Extracted material Block Start

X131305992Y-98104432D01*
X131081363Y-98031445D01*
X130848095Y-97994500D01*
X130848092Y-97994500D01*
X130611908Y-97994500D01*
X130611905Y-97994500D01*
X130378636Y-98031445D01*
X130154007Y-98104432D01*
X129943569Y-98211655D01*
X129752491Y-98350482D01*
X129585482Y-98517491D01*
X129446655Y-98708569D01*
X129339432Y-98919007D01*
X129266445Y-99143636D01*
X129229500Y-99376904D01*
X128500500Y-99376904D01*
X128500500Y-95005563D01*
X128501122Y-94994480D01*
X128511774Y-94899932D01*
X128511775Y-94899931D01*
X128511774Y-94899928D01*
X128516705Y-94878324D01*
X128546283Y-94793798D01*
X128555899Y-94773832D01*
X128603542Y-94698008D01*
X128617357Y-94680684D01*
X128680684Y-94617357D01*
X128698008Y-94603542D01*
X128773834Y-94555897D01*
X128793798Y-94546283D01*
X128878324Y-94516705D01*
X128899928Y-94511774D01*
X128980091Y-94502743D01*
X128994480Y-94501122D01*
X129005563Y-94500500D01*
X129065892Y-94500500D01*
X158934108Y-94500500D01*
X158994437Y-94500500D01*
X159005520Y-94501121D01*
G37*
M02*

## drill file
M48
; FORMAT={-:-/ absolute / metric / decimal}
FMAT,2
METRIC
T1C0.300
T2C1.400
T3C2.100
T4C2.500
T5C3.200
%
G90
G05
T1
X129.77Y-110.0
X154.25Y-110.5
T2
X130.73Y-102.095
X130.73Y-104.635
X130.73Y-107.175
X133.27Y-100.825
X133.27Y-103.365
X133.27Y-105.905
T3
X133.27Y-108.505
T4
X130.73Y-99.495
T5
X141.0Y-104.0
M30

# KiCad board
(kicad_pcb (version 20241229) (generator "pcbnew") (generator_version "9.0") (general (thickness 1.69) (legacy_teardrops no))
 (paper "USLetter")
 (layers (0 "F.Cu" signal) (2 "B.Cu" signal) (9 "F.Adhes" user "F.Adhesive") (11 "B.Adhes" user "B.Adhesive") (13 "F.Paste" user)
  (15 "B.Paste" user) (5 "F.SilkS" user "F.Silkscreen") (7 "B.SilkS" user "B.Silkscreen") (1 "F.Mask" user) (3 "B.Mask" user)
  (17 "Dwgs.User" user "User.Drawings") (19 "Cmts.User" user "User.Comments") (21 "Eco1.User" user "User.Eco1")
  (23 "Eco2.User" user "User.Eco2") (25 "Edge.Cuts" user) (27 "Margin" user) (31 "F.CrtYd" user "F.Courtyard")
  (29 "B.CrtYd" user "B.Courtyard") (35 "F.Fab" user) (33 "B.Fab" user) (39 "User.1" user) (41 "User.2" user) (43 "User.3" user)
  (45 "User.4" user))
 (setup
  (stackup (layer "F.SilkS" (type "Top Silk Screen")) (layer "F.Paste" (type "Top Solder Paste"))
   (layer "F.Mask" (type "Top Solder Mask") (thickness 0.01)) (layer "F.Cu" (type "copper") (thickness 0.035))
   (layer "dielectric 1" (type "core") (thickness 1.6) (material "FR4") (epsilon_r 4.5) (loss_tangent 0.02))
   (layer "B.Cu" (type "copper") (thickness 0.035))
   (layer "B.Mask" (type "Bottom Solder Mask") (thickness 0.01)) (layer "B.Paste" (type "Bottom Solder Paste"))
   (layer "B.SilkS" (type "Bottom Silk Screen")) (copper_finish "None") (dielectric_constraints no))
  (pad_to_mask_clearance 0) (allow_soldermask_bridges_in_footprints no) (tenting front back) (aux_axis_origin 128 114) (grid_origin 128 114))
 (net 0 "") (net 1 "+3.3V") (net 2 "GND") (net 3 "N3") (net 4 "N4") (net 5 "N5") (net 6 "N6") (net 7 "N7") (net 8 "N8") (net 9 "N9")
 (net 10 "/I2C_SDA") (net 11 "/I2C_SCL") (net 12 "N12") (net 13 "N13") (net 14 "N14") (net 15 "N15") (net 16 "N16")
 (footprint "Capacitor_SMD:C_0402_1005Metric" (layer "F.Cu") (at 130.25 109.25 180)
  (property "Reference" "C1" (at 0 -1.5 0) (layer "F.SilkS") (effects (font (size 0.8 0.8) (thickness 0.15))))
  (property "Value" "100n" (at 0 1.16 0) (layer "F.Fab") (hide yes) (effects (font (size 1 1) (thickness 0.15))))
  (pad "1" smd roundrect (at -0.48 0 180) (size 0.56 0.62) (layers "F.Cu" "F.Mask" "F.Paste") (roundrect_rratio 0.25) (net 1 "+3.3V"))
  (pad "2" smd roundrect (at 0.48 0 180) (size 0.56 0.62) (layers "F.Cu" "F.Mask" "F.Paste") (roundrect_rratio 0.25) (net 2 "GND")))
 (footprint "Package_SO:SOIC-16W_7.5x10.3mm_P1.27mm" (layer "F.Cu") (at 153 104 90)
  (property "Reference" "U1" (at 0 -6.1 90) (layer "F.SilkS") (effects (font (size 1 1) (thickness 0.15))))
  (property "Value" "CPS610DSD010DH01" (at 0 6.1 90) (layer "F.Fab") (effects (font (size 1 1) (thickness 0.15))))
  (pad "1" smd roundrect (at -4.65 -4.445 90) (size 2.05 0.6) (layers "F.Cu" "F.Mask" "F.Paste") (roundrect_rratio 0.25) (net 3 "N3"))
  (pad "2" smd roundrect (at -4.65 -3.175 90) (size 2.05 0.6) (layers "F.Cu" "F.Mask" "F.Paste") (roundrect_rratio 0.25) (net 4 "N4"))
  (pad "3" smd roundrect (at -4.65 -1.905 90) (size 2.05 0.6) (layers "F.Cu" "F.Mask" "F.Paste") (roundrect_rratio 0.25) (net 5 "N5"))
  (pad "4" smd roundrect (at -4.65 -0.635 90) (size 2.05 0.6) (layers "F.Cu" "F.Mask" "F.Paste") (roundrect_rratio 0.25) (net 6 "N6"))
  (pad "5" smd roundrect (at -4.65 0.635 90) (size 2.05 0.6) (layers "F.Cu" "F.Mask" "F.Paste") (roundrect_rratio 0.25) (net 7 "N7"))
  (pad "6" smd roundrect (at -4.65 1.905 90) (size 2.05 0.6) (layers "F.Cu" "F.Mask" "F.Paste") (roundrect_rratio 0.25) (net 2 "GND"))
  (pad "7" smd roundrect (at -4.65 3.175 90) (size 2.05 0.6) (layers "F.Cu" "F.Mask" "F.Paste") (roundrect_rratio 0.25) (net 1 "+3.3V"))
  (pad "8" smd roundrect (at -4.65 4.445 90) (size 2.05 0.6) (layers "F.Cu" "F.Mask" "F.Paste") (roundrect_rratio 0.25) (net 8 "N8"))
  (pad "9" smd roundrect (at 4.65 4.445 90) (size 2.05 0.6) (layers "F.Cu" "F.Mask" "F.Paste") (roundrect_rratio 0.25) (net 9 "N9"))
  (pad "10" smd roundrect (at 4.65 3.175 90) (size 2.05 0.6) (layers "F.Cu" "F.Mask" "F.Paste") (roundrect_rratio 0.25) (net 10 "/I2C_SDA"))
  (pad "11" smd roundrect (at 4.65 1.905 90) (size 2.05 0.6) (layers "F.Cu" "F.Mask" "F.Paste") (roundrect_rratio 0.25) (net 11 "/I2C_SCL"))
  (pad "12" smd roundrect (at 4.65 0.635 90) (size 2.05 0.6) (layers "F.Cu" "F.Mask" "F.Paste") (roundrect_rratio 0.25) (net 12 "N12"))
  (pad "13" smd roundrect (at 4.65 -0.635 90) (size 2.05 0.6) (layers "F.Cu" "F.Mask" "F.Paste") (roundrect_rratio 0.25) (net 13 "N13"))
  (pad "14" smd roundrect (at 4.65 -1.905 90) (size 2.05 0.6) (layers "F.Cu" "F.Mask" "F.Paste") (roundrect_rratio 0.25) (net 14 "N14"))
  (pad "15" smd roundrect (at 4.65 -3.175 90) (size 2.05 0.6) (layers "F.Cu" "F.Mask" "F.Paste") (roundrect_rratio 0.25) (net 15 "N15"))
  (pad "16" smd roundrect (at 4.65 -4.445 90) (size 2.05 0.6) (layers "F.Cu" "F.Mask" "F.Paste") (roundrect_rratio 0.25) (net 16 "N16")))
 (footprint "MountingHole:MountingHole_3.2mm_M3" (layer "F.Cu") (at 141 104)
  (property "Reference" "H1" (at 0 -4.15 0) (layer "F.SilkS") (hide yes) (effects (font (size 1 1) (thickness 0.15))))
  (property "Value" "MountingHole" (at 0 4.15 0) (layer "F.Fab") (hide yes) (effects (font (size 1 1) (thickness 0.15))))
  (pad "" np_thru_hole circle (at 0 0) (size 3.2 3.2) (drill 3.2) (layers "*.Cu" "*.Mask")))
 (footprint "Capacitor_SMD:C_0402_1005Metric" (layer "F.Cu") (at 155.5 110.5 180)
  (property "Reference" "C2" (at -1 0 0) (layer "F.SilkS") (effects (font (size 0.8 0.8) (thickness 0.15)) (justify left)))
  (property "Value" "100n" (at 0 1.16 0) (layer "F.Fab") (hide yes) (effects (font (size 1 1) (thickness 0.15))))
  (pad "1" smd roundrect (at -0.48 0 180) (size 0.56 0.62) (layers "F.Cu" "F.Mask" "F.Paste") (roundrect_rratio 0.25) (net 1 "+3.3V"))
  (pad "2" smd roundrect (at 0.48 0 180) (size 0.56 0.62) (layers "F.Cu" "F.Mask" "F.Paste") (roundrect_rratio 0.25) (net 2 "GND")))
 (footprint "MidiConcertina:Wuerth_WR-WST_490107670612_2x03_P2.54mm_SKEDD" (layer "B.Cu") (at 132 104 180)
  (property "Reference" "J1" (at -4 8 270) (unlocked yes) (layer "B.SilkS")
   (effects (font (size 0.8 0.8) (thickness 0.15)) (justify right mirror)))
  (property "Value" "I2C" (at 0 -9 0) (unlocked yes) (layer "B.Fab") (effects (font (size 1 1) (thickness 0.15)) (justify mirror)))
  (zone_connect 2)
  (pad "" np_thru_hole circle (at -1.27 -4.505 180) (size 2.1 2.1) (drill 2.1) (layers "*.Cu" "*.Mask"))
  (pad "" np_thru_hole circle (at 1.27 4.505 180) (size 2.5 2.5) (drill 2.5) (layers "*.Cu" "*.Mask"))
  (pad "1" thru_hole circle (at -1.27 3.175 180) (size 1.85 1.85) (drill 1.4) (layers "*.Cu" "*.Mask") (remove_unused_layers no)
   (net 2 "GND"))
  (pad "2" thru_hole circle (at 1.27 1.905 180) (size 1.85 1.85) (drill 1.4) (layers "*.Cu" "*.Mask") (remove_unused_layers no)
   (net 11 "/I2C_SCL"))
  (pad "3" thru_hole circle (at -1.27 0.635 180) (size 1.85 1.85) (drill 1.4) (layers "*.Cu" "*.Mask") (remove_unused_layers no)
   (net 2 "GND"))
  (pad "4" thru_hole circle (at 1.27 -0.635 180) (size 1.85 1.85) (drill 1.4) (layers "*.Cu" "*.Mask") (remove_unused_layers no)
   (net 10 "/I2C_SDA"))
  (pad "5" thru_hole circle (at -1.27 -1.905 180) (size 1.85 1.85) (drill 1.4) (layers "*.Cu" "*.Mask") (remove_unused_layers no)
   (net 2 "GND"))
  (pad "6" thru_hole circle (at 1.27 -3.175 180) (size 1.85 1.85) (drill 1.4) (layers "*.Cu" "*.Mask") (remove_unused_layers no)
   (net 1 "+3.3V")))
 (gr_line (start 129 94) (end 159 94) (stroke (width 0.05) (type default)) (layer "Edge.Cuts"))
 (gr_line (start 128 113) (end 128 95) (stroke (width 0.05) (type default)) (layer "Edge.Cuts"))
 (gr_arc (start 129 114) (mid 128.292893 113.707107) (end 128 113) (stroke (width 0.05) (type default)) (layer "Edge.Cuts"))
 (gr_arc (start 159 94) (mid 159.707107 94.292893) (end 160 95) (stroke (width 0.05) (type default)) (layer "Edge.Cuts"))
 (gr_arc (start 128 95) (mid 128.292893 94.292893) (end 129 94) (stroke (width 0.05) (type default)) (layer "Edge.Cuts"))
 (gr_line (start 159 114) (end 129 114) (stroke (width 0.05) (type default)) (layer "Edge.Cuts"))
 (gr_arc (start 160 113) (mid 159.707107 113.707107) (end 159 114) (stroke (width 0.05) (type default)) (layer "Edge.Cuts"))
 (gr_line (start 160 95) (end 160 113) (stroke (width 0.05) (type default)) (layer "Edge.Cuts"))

Extracted material Block End

### Work order
Every line above that holds the word "MountingHole" should be copied out.

### Written answer
 (footprint "MountingHole:MountingHole_3.2mm_M3" (layer "F.Cu") (at 141 104)
  (property "Value" "MountingHole" (at 0 4.15 0) (layer "F.Fab") (hide yes) (effects (font (size 1 1) (thickness 0.15))))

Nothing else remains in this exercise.